Подзабытые «фрики фиолетовой ветки» (и др.)
После долгой разлуки возвращаюсь под землю, как в места юности. Фрики и чудики меня дождались, но этой зимой все как будто немного через силу и у них.
***
Утром порция коммьютеров вроде меня семенит по перрону к выходу со станции. Торжественный и строгий голос сверху:
— Внимание, уважаемые пассажиры!
Толпа дисциплинированно замирает и я вместе с ней, с тоской думая, что это потому, что редко выбираюсь в столицу, все доступные приключения случаются непременно, когда спешу. Диспетчер продолжает:
—...в новогоднюю ночь движение электропоездов будет осуществляться до трех часов утра.
Мужской голос:
— Опять новый год?!
Детский:
— Говоря-ат под новый год, что-о не пожела-ается...
Толпа отмирает, идем к валидаторам.
***
На ЦСКА подсаживается мужик лет пятидесяти в шапке конькобежца:
— Девушка, а вот вы знаете, на кого похожи?

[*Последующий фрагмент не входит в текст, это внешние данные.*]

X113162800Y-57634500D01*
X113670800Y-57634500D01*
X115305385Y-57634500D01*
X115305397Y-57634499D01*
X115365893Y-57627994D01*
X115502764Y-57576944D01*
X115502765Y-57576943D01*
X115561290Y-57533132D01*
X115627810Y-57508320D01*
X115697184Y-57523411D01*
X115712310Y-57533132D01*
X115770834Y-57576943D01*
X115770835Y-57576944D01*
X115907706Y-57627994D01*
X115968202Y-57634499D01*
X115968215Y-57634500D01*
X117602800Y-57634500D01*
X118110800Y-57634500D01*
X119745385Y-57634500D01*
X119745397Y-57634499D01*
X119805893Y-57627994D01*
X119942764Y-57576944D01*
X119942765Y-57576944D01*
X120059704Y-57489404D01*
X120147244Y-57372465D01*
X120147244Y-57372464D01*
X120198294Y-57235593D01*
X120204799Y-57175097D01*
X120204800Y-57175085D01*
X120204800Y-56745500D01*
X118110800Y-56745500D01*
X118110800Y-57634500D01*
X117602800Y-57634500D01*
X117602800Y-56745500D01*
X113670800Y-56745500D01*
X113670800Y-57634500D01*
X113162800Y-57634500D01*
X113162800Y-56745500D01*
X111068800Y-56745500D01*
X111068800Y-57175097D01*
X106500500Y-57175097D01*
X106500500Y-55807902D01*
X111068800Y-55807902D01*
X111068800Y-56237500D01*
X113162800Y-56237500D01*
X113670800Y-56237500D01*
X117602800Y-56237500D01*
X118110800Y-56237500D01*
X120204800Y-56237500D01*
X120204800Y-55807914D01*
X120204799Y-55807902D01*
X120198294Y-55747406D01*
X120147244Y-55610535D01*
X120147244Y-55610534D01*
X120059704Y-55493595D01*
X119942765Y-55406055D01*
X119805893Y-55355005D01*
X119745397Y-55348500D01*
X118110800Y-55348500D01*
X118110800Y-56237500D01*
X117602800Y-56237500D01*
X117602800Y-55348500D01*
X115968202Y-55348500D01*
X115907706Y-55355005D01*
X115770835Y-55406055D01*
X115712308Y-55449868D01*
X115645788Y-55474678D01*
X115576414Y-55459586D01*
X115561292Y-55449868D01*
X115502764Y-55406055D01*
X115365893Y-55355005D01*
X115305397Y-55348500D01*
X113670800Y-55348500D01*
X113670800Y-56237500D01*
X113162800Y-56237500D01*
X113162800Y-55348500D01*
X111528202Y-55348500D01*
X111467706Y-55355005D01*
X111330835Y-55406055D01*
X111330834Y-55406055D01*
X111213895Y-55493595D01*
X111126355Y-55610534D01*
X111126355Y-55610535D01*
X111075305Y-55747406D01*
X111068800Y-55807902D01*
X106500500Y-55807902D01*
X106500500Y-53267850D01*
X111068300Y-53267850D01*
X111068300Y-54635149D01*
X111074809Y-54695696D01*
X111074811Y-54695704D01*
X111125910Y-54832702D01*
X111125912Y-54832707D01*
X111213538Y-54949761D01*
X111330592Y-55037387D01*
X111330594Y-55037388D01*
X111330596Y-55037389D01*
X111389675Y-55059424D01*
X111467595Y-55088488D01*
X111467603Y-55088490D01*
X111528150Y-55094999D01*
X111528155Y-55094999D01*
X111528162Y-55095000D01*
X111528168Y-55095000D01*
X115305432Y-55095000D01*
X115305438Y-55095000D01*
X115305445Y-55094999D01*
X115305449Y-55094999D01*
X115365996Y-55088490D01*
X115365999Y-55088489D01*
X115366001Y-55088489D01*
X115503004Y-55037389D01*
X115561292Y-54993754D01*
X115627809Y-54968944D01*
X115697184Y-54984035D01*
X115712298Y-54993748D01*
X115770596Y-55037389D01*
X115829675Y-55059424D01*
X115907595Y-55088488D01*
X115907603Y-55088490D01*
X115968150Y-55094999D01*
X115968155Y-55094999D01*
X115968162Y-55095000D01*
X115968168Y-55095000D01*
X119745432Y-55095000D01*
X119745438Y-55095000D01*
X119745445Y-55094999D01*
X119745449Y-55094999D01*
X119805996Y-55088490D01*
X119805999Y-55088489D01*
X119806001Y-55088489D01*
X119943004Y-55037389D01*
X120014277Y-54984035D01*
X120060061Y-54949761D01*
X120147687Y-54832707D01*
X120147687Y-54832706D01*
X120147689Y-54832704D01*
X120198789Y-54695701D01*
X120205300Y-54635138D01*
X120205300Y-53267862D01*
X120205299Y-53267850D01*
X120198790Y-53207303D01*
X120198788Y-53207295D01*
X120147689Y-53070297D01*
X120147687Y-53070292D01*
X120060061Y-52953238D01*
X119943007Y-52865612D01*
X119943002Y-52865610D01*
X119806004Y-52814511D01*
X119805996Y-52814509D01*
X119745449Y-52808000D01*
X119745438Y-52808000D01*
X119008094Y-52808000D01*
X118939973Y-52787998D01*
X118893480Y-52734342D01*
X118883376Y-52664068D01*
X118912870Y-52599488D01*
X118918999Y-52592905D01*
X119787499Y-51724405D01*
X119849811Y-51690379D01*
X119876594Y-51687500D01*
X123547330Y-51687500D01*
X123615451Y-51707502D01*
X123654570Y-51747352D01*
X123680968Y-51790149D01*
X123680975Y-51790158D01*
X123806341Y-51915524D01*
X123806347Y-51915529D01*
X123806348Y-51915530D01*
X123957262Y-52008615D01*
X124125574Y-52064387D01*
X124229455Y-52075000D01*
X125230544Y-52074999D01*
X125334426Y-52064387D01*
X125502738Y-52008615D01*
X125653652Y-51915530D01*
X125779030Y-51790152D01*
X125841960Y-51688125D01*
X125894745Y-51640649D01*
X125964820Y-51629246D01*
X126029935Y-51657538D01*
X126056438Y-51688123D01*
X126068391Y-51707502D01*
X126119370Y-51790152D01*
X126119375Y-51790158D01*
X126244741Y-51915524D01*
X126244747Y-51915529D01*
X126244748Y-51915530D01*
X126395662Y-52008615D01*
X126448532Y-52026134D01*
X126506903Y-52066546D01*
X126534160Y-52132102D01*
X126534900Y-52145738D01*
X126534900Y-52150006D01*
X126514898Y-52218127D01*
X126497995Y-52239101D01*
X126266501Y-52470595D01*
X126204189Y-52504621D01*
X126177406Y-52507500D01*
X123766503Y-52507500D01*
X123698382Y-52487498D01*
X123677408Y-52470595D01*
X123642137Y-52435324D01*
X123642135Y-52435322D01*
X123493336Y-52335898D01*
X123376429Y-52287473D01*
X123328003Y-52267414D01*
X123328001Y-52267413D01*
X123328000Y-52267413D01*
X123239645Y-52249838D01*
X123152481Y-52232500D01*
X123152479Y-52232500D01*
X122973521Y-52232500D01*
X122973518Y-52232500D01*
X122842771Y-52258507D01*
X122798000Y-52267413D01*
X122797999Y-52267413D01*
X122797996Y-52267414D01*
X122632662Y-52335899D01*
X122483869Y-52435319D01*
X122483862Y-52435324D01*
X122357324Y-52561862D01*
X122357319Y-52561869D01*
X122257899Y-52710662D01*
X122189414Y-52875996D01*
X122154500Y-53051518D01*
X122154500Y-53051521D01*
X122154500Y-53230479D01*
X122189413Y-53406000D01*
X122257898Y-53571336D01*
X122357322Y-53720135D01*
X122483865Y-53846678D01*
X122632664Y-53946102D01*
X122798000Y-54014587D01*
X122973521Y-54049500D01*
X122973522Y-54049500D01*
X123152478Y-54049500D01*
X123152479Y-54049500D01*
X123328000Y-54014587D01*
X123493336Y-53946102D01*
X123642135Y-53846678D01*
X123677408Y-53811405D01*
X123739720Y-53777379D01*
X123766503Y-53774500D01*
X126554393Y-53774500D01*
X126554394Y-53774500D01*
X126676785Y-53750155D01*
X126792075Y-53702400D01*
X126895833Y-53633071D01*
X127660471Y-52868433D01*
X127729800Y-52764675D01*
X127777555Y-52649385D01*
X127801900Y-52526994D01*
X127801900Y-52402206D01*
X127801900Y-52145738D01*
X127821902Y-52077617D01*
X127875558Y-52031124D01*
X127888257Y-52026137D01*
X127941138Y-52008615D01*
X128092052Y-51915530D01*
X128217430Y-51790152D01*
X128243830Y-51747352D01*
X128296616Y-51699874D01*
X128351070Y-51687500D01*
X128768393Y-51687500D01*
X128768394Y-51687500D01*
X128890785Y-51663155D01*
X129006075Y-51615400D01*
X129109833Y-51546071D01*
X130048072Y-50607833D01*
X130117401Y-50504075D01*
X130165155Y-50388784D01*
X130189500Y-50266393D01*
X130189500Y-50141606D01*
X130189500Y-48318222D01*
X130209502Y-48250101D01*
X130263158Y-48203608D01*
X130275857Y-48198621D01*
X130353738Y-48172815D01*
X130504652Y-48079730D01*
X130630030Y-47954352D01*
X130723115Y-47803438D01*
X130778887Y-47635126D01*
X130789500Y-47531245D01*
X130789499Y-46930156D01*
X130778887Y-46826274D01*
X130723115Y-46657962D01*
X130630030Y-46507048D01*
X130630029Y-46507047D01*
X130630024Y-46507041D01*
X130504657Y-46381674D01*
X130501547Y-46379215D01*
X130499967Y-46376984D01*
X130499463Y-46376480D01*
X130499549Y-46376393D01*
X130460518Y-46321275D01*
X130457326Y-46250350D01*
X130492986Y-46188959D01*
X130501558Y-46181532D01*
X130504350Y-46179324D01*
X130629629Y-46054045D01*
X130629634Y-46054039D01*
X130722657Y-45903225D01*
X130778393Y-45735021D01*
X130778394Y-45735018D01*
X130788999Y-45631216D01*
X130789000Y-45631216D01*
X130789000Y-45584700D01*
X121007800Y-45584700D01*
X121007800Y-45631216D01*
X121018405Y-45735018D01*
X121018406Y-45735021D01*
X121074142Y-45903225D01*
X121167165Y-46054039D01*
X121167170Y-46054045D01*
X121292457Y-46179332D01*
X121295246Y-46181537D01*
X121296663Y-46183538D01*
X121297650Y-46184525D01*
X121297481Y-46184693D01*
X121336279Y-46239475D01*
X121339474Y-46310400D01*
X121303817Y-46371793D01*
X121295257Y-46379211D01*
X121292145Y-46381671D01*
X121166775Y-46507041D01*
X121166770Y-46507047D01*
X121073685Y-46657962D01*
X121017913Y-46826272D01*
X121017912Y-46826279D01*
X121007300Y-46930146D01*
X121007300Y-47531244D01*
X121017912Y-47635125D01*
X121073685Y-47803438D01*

Я, которой недавно под фотографией написали, что у меня деформационный тип старения, как у артиста Стоянова в женской роли, но упорно считающая себя бледноватой копией позднего Брюса Уиллиса, решаю услышать новую версию:
— Нет, на кого?
Мужик, расстроенно:
— Я думал, вы мне подскажете. Смотрю и смотрю: такое лицо знакомое, а на кого похоже — не помню.
Я, как можно нейтральнее:
— На Юрия Стоянова.
Мужик спешно отсаживается.
***
Вечером моя соседка — вылитая Шурочка из бухгалтерии. На ней шапка пирожком и рыжая шуба, линяющая быстрее, чем мой кот. Она ставит на колени бумажный пакет с эмблемой сетевого бутика нижнего белья и доверительно сообщает:
— Надо почитать.
Спорю сама с собой, что она достанет: дамский роман, иронический детектив, потрепанный номер «роман-газеты»? Шурша упаковочной бумагой, она извлекает из пакета лакированный том неведомого мне Андрея Круза «Эпоха мертвых-3». Книга заложена погрызенным простым карандашом. Дама мгновенно погружается в чтение, иногда делая пометки прямо на странице. Мне ужасно интересно, что там за эпоха такая, но уступаю место изобильно беременной женщине, прижимающей к себе мелко дрожащую рокочущую собачью переноску.
***
На Водном стадионе заходит несколько будто задрапированных в коричневое человек с изможденными лицами, похожими на лики Шаровских участников «Репетиций». Их пытается сфотографировать на зеркалку, извлеченную из ярко-зеленой дутой пазухи, немолодой и какой-то неуместный хипстер в белой ушанке: отшатнувшись, безвозрастные мужчины и женщины сбиваются плотнее — еще немного и сольются в фрагмент обгорелой бересты, а я, беззастенчиво разглядывая их всех, шучу про себя шутку-самосмейку «Никон есть у нас дома». Видимо, я говорю это вслух.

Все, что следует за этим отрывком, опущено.